Pushing the iPad Pro to Its Limits

I've written quite a bit about the iPad Pro here at 1Wayswim:

All of those pieces have led to this one... what are the limits of the iPad Pro? Where does it start falling behind a more traditional computing system like a laptop or a desktop? Can it really be used in a "professional" capacity?

In the fall of 2014 I went back to school to finish my masters degree in Space Systems Engineering. So for the past two years I have been fighting my way though a heavy course load on top of my normal workload in my day job. For most of those two years my weapon of choice was my trusty 11" MacBook Air. But after the iPad Pro was released I decided that with most of my school work behind me, the iPad Pro was going to be the more functional device for me. But there was one wild masters thesis/project. My final project for my final semester in my masters program is a very large paper (60+ pages). As you can see from my article history on this site I have no issues with writing, so length was never a concern for me. But the project I chose is graphic Intensive...lots of figures and diagrams. Not only did I need a way to produce very professional looking diagrams, but I also had to manipulate those diagrams within the construct of the paper I was writing. I wasn't so sure how the iPad Pro was going to hold up under those conditions. The results were mostly positive, but there were a few pain points along the way...

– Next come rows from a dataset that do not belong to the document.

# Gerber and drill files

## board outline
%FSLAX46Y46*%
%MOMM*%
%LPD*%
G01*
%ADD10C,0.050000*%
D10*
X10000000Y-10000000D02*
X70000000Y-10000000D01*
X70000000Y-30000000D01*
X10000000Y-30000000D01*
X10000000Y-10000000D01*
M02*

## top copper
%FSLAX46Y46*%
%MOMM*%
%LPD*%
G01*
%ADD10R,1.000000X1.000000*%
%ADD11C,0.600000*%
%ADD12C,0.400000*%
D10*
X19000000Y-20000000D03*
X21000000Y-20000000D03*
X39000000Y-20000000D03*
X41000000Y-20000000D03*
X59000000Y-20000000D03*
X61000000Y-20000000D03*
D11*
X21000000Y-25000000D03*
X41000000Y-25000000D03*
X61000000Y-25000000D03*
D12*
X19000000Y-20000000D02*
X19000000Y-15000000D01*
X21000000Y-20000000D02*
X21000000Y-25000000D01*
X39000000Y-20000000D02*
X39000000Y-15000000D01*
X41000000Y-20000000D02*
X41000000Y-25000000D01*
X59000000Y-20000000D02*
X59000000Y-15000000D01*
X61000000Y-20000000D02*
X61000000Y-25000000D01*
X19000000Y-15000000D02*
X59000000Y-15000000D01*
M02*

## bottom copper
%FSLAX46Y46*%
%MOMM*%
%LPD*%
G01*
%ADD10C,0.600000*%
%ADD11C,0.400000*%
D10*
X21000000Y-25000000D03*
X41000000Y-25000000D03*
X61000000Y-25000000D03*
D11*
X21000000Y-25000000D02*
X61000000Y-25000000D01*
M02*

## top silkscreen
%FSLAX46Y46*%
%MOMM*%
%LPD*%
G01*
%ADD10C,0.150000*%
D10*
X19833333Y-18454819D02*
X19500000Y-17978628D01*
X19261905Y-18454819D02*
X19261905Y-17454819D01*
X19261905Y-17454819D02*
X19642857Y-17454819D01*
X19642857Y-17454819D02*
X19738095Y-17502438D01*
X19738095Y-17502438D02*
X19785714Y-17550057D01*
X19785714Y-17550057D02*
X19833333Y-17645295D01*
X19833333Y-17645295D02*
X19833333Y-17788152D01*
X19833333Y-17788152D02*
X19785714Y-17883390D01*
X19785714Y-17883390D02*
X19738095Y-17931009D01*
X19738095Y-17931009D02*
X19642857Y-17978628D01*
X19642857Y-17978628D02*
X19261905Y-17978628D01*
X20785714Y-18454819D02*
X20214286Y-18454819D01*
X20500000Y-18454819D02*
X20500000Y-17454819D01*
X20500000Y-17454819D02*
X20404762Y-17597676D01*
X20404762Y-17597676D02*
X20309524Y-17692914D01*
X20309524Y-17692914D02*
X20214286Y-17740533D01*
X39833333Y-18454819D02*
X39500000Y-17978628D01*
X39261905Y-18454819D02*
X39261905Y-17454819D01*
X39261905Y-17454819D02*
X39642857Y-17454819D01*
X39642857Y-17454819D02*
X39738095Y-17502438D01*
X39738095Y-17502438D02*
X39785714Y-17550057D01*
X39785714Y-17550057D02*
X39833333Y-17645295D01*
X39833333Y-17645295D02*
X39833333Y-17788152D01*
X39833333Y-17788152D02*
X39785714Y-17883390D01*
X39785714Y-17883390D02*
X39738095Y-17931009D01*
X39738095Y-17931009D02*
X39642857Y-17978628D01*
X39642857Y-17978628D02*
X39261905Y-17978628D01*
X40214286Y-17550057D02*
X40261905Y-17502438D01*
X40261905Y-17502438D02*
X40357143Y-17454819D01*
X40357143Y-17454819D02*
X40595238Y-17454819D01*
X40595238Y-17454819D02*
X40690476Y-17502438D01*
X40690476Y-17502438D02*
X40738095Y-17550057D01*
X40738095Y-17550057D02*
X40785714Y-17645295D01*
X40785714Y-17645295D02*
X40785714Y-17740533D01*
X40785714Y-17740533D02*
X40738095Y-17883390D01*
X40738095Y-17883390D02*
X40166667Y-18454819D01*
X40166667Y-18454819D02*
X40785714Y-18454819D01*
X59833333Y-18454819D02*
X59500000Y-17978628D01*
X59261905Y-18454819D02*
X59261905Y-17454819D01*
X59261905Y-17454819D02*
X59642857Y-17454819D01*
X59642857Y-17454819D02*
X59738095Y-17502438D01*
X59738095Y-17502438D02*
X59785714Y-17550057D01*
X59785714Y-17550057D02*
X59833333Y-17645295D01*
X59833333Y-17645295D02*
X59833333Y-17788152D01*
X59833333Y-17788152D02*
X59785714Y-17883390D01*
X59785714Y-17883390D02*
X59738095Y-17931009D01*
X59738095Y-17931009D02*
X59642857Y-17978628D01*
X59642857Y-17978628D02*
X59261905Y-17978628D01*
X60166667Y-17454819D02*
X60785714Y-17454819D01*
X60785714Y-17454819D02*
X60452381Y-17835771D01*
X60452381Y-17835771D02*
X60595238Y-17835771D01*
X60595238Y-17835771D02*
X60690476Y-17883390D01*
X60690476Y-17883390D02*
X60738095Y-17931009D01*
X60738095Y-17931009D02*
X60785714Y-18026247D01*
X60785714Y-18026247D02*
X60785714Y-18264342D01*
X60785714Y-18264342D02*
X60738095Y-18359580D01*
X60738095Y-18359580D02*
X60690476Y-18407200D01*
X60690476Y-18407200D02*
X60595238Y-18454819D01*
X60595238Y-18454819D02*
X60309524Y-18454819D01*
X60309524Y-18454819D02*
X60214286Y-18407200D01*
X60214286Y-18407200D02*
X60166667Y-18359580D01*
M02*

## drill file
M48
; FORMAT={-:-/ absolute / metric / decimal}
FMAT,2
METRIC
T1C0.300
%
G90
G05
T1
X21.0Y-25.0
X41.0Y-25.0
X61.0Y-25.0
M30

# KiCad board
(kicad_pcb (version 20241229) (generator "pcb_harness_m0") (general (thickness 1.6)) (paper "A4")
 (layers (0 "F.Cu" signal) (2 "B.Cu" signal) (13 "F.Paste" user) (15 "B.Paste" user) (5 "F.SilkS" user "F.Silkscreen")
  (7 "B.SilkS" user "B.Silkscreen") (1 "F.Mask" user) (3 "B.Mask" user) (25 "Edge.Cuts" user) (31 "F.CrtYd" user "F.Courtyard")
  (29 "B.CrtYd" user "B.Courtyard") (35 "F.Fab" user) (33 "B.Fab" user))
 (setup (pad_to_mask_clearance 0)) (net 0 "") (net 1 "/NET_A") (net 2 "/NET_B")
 (gr_rect (start 10 10) (end 70 30) (stroke (width 0.05) (type default)) (fill none) (layer "Edge.Cuts"))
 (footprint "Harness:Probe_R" (layer "F.Cu") (at 20 20)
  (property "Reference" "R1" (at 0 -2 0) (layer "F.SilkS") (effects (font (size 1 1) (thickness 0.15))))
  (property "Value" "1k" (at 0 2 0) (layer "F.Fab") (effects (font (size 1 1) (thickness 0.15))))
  (pad "1" smd rect (at -1 0) (size 1 1) (layers "F.Cu" "F.Paste" "F.Mask") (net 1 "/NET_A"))
  (pad "2" smd rect (at 1 0) (size 1 1) (layers "F.Cu" "F.Paste" "F.Mask") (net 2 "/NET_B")))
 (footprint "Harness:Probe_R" (layer "F.Cu") (at 40 20)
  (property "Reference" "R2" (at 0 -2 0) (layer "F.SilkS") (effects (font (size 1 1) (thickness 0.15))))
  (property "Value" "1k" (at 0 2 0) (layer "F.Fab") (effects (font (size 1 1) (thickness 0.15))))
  (pad "1" smd rect (at -1 0) (size 1 1) (layers "F.Cu" "F.Paste" "F.Mask") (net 1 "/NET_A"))
  (pad "2" smd rect (at 1 0) (size 1 1) (layers "F.Cu" "F.Paste" "F.Mask") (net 2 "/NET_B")))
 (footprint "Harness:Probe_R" (layer "F.Cu") (at 60 20)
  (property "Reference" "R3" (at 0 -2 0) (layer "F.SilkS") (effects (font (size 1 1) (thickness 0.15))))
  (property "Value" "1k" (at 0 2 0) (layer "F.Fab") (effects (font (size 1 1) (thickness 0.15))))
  (pad "1" smd rect (at -1 0) (size 1 1) (layers "F.Cu" "F.Paste" "F.Mask") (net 1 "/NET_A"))
  (pad "2" smd rect (at 1 0) (size 1 1) (layers "F.Cu" "F.Paste" "F.Mask") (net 2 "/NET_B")))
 (segment (start 19 20) (end 19 15) (width 0.4) (layer "F.Cu") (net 1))
 (segment (start 21 20) (end 21 25) (width 0.4) (layer "F.Cu") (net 2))
 (via (at 21 25) (size 0.6) (drill 0.3) (layers "F.Cu" "B.Cu") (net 2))
 (segment (start 39 20) (end 39 15) (width 0.4) (layer "F.Cu") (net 1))
 (segment (start 41 20) (end 41 25) (width 0.4) (layer "F.Cu") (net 2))
 (via (at 41 25) (size 0.6) (drill 0.3) (layers "F.Cu" "B.Cu") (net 2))
 (segment (start 59 20) (end 59 15) (width 0.4) (layer "F.Cu") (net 1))
 (segment (start 61 20) (end 61 25) (width 0.4) (layer "F.Cu") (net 2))
 (via (at 61 25) (size 0.6) (drill 0.3) (layers "F.Cu" "B.Cu") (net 2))
 (segment (start 19 15) (end 59 15) (width 0.4) (layer "F.Cu") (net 1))
 (segment (start 21 25) (end 61 25) (width 0.4) (layer "B.Cu") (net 2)))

I spent the first 3-4 weeks of my project doing the research portion. Once I found a document or paper I needed to read I would save it off to a folder on DropBox. When I was ready to start reading documents I would then, from right within the iOS DropBox app, copy the document over to PDF Pen 2 for iOS and start reading, making notes and highlighting text with the Apple Pencil. As I would run across items that fed into my paper I would start outlining the concepts and content. The one pain point here was the file system interface with the DropBox app. It would cutoff the full name of each file sometimes making it quite difficult to find the file I was looking for. I have no idea why the DropBox app does this, especially given the enormous screen of the iPad Pro. DrpBox needs to update their app.


In my opinion, there is only one real option for professional outlining in iOS and that is OmniOutliner 2. I started with a very high level outline of the paper structure and then started filling it in with content from my research efforts. But traditional outlining wasn't my only approach. Sometimes I would need something a little less structured to just get my ideas down. For that I turned to my favorite mind mapping app iThoughts for iOS. I would use iThoughts to literally capture a stream of "stuff" I needed to get out of my head and collect it somewhere. Once I had those ideas and concepts I could then group them together and once I made sense of it all in iThoughts I would port it over into my paper outline in OmniOutliner. But that still wasn't enough. I was still struggling to figure out how I was going to do certain aspects of my project and I needed to physically draw things out. So I turned to the built-in Notes app in iOS and used the Apple Pencil to start getting an idea down by sketching out the concept. I am NO artist, so I am being generous with the term sketch here...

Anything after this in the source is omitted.